→ **What is expected**:
What appears from the first line of the records below through the line containing "(fp_text reference D1" must be reproduced verbatim.

→ **Data to examine**:

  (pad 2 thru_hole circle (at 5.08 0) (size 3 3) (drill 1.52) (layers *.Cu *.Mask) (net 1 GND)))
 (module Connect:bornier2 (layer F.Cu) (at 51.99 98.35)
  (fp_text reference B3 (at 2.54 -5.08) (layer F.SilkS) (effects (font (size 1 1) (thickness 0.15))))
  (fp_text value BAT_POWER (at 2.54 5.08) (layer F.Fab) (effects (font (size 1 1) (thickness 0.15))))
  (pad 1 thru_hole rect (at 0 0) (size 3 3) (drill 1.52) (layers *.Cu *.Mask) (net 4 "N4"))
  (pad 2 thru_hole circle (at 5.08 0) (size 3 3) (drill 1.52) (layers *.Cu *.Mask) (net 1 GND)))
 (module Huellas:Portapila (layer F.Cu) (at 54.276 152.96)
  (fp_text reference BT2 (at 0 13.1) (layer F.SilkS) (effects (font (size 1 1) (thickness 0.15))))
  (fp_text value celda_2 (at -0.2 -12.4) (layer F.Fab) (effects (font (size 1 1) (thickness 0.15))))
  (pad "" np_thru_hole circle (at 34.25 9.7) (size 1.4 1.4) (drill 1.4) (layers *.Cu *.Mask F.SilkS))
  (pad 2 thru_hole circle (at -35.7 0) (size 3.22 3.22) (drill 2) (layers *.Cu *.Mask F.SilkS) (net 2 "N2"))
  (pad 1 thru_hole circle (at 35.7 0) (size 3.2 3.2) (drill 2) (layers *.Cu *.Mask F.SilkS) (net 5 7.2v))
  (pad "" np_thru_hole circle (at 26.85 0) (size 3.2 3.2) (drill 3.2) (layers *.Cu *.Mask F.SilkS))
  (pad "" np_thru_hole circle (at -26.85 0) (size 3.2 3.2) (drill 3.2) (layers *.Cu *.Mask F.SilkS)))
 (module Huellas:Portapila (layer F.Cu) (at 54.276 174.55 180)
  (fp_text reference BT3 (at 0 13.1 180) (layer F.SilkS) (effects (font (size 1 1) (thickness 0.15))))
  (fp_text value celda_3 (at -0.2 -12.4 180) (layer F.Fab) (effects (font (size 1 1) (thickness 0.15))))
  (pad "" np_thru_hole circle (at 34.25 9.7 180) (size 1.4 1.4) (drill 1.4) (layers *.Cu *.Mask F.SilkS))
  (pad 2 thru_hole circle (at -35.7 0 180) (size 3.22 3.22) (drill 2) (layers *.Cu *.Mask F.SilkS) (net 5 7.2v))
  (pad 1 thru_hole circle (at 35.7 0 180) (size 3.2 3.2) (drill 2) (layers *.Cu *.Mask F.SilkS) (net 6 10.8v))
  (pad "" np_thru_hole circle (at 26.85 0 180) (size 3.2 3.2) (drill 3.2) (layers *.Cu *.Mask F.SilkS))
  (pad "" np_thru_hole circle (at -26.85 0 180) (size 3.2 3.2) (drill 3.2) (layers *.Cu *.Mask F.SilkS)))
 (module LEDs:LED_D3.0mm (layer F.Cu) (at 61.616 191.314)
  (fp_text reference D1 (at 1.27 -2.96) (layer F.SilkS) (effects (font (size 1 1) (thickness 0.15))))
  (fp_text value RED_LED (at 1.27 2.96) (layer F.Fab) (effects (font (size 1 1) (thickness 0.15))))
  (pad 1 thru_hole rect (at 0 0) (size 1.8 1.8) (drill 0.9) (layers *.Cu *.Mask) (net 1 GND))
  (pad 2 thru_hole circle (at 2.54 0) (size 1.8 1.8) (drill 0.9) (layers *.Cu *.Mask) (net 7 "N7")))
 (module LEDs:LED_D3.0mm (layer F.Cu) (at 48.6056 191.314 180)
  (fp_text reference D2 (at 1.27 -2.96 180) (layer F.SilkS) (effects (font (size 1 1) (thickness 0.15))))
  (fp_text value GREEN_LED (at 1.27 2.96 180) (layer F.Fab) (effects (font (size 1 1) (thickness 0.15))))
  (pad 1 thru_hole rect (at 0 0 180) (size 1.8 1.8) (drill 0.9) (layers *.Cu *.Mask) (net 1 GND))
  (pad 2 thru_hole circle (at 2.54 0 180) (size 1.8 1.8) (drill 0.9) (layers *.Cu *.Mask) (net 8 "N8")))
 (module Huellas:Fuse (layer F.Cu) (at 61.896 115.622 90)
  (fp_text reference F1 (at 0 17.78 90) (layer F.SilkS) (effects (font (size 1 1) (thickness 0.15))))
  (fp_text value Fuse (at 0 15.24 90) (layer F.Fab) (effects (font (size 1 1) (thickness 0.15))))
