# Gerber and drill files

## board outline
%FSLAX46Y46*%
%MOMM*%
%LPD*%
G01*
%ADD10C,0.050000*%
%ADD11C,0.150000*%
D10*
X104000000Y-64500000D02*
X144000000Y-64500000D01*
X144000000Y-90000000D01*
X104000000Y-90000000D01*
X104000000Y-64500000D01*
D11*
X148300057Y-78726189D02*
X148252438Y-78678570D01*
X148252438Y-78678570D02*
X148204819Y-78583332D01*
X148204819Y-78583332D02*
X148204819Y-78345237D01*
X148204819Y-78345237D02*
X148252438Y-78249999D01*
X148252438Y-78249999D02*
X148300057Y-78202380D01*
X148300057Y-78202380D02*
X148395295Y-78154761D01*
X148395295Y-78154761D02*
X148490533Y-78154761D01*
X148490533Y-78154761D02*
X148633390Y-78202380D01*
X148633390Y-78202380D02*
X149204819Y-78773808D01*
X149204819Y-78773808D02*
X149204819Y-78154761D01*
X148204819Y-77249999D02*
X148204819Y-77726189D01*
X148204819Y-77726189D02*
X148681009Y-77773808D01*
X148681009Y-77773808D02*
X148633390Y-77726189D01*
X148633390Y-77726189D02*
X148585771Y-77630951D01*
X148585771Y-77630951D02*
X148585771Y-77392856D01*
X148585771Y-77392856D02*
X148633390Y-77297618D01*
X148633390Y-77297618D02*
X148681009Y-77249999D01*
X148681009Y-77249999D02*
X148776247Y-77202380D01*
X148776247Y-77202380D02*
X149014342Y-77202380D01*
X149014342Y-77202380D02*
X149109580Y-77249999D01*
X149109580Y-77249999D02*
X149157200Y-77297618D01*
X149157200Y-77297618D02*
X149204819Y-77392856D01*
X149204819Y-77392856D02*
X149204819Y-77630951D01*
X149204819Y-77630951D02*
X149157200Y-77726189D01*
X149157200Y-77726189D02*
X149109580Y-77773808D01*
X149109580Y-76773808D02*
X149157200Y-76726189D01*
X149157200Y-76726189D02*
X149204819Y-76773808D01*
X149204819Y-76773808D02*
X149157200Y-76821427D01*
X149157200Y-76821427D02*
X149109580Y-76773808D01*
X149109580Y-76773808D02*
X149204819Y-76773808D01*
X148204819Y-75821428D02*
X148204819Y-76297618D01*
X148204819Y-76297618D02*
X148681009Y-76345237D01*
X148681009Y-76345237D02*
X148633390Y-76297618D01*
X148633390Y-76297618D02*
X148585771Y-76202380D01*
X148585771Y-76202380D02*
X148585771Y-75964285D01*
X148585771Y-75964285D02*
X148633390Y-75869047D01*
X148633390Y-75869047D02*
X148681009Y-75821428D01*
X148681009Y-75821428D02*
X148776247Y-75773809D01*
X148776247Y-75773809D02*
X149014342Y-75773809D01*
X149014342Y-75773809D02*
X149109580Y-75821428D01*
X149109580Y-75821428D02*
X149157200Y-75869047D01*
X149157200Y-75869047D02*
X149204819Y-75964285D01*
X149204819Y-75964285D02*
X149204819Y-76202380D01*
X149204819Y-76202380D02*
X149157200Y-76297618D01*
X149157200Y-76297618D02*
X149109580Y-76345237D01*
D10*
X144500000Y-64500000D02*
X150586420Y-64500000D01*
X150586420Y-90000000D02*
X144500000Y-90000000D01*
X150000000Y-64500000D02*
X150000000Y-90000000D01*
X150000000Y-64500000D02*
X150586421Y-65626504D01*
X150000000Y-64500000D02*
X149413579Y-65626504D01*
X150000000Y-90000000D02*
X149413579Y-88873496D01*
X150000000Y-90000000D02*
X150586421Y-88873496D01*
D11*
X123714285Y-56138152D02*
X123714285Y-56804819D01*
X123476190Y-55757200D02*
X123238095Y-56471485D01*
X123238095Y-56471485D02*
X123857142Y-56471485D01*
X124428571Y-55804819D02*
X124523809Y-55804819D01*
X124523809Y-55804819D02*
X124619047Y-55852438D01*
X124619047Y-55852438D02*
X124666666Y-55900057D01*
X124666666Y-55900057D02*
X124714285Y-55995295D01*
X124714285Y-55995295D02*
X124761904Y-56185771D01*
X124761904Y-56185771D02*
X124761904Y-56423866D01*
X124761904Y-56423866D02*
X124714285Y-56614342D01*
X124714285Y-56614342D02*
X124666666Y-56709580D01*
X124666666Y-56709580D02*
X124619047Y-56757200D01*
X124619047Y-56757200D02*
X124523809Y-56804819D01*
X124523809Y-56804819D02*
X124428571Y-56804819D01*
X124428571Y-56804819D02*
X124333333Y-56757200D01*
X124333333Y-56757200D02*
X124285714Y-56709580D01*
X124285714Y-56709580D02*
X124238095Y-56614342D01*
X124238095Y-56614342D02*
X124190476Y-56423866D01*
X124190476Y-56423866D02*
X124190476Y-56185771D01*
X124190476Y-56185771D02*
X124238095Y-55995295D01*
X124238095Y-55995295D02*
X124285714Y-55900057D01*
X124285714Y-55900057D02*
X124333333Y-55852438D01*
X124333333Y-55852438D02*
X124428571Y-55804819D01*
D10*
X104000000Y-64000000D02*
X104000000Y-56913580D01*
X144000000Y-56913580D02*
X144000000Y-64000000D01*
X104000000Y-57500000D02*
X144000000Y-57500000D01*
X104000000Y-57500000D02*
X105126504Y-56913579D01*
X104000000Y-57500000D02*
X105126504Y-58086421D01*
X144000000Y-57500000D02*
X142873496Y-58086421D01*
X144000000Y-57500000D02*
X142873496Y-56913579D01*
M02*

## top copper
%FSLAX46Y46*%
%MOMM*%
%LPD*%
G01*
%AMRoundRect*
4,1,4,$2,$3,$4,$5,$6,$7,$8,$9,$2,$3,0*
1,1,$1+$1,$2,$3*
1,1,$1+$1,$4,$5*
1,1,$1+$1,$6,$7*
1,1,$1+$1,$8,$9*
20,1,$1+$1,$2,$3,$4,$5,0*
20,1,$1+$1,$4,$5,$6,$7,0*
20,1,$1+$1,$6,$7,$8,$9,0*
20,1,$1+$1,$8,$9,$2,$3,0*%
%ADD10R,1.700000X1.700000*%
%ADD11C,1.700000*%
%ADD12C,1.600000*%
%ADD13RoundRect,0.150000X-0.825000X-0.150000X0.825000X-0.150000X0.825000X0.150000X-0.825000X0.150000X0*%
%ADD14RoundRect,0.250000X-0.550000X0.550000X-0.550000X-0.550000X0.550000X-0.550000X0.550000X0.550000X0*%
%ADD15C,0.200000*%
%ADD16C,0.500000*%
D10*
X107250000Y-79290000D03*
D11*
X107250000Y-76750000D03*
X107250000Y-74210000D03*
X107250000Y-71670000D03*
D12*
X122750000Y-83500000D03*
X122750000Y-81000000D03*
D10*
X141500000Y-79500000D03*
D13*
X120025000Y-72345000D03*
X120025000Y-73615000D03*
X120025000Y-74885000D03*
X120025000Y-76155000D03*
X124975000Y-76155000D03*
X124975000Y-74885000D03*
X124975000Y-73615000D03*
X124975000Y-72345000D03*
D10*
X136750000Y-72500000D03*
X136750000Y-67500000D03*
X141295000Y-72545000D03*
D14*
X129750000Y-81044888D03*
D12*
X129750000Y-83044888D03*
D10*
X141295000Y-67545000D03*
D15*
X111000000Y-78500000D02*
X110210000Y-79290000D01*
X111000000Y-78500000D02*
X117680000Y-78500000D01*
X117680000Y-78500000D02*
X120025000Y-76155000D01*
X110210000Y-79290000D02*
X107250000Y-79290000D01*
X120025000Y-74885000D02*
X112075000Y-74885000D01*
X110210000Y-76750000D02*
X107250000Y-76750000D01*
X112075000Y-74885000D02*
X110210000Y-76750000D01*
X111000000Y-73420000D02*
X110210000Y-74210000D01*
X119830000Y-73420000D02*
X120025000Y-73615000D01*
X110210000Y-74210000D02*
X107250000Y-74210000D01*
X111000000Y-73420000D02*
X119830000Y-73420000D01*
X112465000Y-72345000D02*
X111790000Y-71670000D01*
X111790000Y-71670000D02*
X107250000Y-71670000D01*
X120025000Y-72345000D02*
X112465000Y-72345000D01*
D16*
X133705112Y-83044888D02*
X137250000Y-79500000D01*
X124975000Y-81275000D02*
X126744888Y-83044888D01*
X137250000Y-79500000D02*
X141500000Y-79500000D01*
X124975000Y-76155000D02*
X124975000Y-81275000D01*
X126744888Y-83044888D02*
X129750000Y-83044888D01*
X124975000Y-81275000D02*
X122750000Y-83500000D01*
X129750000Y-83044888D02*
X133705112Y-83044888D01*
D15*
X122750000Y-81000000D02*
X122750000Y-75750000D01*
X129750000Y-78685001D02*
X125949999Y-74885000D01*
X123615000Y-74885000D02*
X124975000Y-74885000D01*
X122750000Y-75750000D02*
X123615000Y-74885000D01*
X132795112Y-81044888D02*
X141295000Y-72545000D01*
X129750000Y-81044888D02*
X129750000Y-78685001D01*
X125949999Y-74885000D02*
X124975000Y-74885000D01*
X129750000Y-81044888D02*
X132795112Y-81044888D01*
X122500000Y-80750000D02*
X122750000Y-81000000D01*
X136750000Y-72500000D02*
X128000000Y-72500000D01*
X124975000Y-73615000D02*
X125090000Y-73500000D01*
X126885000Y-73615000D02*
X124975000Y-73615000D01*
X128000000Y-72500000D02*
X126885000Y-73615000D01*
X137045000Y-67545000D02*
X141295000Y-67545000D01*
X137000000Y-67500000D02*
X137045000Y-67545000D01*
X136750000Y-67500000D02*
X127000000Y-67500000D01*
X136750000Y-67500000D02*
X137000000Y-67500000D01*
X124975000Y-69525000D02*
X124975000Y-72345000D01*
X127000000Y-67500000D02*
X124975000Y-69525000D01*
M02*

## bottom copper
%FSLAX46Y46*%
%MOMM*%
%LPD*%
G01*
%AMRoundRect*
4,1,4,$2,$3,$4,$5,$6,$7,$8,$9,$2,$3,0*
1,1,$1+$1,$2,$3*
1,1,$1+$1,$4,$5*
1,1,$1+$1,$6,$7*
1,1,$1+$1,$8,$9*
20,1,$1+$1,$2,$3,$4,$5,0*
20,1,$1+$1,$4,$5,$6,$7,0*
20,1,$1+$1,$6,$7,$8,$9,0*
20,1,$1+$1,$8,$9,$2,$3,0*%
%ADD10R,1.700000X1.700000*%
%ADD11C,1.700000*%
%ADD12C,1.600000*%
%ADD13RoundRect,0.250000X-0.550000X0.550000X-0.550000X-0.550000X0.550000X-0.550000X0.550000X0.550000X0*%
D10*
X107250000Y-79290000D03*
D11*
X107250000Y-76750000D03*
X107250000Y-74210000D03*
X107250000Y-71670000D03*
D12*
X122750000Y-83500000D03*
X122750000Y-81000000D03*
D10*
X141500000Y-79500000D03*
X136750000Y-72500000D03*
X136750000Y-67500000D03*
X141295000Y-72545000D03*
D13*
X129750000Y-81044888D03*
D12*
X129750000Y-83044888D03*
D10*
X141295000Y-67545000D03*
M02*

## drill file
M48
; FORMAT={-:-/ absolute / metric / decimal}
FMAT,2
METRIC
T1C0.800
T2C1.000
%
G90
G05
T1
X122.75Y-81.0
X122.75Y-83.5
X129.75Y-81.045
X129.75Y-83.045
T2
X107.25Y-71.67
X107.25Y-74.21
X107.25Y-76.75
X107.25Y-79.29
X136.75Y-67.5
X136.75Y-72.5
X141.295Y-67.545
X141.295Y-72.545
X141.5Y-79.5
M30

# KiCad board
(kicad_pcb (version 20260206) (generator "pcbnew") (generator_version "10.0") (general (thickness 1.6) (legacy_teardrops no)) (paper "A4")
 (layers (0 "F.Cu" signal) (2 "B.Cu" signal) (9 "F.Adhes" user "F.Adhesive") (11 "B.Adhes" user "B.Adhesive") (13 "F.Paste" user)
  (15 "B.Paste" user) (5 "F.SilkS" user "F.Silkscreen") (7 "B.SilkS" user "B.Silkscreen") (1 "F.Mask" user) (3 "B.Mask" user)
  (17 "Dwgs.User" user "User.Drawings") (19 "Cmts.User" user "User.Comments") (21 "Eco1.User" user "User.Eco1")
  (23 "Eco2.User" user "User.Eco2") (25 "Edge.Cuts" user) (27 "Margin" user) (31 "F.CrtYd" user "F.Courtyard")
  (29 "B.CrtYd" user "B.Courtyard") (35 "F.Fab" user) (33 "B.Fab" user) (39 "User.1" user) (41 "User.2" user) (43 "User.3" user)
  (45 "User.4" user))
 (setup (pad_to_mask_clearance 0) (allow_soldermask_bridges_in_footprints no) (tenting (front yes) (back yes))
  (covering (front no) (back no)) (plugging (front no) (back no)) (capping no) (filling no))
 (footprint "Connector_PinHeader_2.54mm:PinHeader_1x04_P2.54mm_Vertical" (layer "F.Cu") (at 107.25 79.29 180)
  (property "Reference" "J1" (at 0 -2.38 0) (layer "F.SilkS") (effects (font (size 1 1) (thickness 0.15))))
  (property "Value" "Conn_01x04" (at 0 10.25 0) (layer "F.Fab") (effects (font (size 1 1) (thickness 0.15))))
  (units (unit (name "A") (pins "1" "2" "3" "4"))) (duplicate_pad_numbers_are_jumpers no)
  (pad "1" thru_hole rect (at 0 0 180) (size 1.7 1.7) (drill 1) (layers "*.Cu" "*.Mask") (remove_unused_layers no) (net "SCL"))
  (pad "2" thru_hole circle (at 0 2.54 180) (size 1.7 1.7) (drill 1) (layers "*.Cu" "*.Mask") (remove_unused_layers no) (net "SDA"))
  (pad "3" thru_hole circle (at 0 5.08 180) (size 1.7 1.7) (drill 1) (layers "*.Cu" "*.Mask") (remove_unused_layers no) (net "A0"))
  (pad "4" thru_hole circle (at 0 7.62 180) (size 1.7 1.7) (drill 1) (layers "*.Cu" "*.Mask") (remove_unused_layers no) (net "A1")))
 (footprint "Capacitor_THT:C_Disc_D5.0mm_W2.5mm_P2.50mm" (layer "F.Cu") (at 122.75 83.5 90)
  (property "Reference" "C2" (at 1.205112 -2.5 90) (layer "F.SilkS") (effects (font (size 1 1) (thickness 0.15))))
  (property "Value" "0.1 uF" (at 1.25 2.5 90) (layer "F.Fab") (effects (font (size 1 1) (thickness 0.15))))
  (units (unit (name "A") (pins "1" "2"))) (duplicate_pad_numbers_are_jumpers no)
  (pad "1" thru_hole circle (at 0 0 90) (size 1.6 1.6) (drill 0.8) (layers "*.Cu" "*.Mask") (remove_unused_layers no) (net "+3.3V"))
  (pad "2" thru_hole circle (at 2.5 0 90) (size 1.6 1.6) (drill 0.8) (layers "*.Cu" "*.Mask") (remove_unused_layers no) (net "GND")))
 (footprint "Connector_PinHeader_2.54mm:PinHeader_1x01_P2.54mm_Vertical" (layer "F.Cu") (at 141.5 79.5)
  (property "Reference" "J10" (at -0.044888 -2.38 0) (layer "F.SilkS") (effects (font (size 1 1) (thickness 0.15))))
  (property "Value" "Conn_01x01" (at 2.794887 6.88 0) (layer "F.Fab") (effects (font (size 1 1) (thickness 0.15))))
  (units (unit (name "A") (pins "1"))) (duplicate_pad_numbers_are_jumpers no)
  (pad "1" thru_hole rect (at 0 0) (size 1.7 1.7) (drill 1) (layers "*.Cu" "*.Mask") (remove_unused_layers no) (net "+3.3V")))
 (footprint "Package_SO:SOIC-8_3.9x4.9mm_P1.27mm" (layer "F.Cu") (at 122.5 74.25)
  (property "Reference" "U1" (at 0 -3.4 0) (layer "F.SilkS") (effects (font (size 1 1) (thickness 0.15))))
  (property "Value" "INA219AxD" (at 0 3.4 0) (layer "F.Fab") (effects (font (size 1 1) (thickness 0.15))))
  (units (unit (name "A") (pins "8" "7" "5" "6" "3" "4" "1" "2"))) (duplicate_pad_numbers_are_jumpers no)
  (pad "1" smd roundrect (at -2.475 -1.905) (size 1.95 0.6) (layers "F.Cu" "F.Mask" "F.Paste") (roundrect_rratio 0.25) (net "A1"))
  (pad "2" smd roundrect (at -2.475 -0.635) (size 1.95 0.6) (layers "F.Cu" "F.Mask" "F.Paste") (roundrect_rratio 0.25) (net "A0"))
  (pad "3" smd roundrect (at -2.475 0.635) (size 1.95 0.6) (layers "F.Cu" "F.Mask" "F.Paste") (roundrect_rratio 0.25) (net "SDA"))
  (pad "4" smd roundrect (at -2.475 1.905) (size 1.95 0.6) (layers "F.Cu" "F.Mask" "F.Paste") (roundrect_rratio 0.25) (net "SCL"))
  (pad "5" smd roundrect (at 2.475 1.905) (size 1.95 0.6) (layers "F.Cu" "F.Mask" "F.Paste") (roundrect_rratio 0.25) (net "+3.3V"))
  (pad "6" smd roundrect (at 2.475 0.635) (size 1.95 0.6) (layers "F.Cu" "F.Mask" "F.Paste") (roundrect_rratio 0.25) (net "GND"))
  (pad "7" smd roundrect (at 2.475 -0.635) (size 1.95 0.6) (layers "F.Cu" "F.Mask" "F.Paste") (roundrect_rratio 0.25)
   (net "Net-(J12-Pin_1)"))
  (pad "8" smd roundrect (at 2.475 -1.905) (size 1.95 0.6) (layers "F.Cu" "F.Mask" "F.Paste") (roundrect_rratio 0.25)
   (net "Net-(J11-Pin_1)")))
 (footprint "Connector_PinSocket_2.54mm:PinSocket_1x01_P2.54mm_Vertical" (layer "F.Cu") (at 136.75 72.5)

→ **Result of this exercise**:
  (pad 2 thru_hole circle (at 5.08 0) (size 3 3) (drill 1.52) (layers *.Cu *.Mask) (net 1 GND)))
 (module Connect:bornier2 (layer F.Cu) (at 51.99 98.35)
  (fp_text reference B3 (at 2.54 -5.08) (layer F.SilkS) (effects (font (size 1 1) (thickness 0.15))))
  (fp_text value BAT_POWER (at 2.54 5.08) (layer F.Fab) (effects (font (size 1 1) (thickness 0.15))))
  (pad 1 thru_hole rect (at 0 0) (size 3 3) (drill 1.52) (layers *.Cu *.Mask) (net 4 "N4"))
  (pad 2 thru_hole circle (at 5.08 0) (size 3 3) (drill 1.52) (layers *.Cu *.Mask) (net 1 GND)))
 (module Huellas:Portapila (layer F.Cu) (at 54.276 152.96)
  (fp_text reference BT2 (at 0 13.1) (layer F.SilkS) (effects (font (size 1 1) (thickness 0.15))))
  (fp_text value celda_2 (at -0.2 -12.4) (layer F.Fab) (effects (font (size 1 1) (thickness 0.15))))
  (pad "" np_thru_hole circle (at 34.25 9.7) (size 1.4 1.4) (drill 1.4) (layers *.Cu *.Mask F.SilkS))
  (pad 2 thru_hole circle (at -35.7 0) (size 3.22 3.22) (drill 2) (layers *.Cu *.Mask F.SilkS) (net 2 "N2"))
  (pad 1 thru_hole circle (at 35.7 0) (size 3.2 3.2) (drill 2) (layers *.Cu *.Mask F.SilkS) (net 5 7.2v))
  (pad "" np_thru_hole circle (at 26.85 0) (size 3.2 3.2) (drill 3.2) (layers *.Cu *.Mask F.SilkS))
  (pad "" np_thru_hole circle (at -26.85 0) (size 3.2 3.2) (drill 3.2) (layers *.Cu *.Mask F.SilkS)))
 (module Huellas:Portapila (layer F.Cu) (at 54.276 174.55 180)
  (fp_text reference BT3 (at 0 13.1 180) (layer F.SilkS) (effects (font (size 1 1) (thickness 0.15))))
  (fp_text value celda_3 (at -0.2 -12.4 180) (layer F.Fab) (effects (font (size 1 1) (thickness 0.15))))
  (pad "" np_thru_hole circle (at 34.25 9.7 180) (size 1.4 1.4) (drill 1.4) (layers *.Cu *.Mask F.SilkS))
  (pad 2 thru_hole circle (at -35.7 0 180) (size 3.22 3.22) (drill 2) (layers *.Cu *.Mask F.SilkS) (net 5 7.2v))
  (pad 1 thru_hole circle (at 35.7 0 180) (size 3.2 3.2) (drill 2) (layers *.Cu *.Mask F.SilkS) (net 6 10.8v))
  (pad "" np_thru_hole circle (at 26.85 0 180) (size 3.2 3.2) (drill 3.2) (layers *.Cu *.Mask F.SilkS))
  (pad "" np_thru_hole circle (at -26.85 0 180) (size 3.2 3.2) (drill 3.2) (layers *.Cu *.Mask F.SilkS)))
 (module LEDs:LED_D3.0mm (layer F.Cu) (at 61.616 191.314)
  (fp_text reference D1 (at 1.27 -2.96) (layer F.SilkS) (effects (font (size 1 1) (thickness 0.15))))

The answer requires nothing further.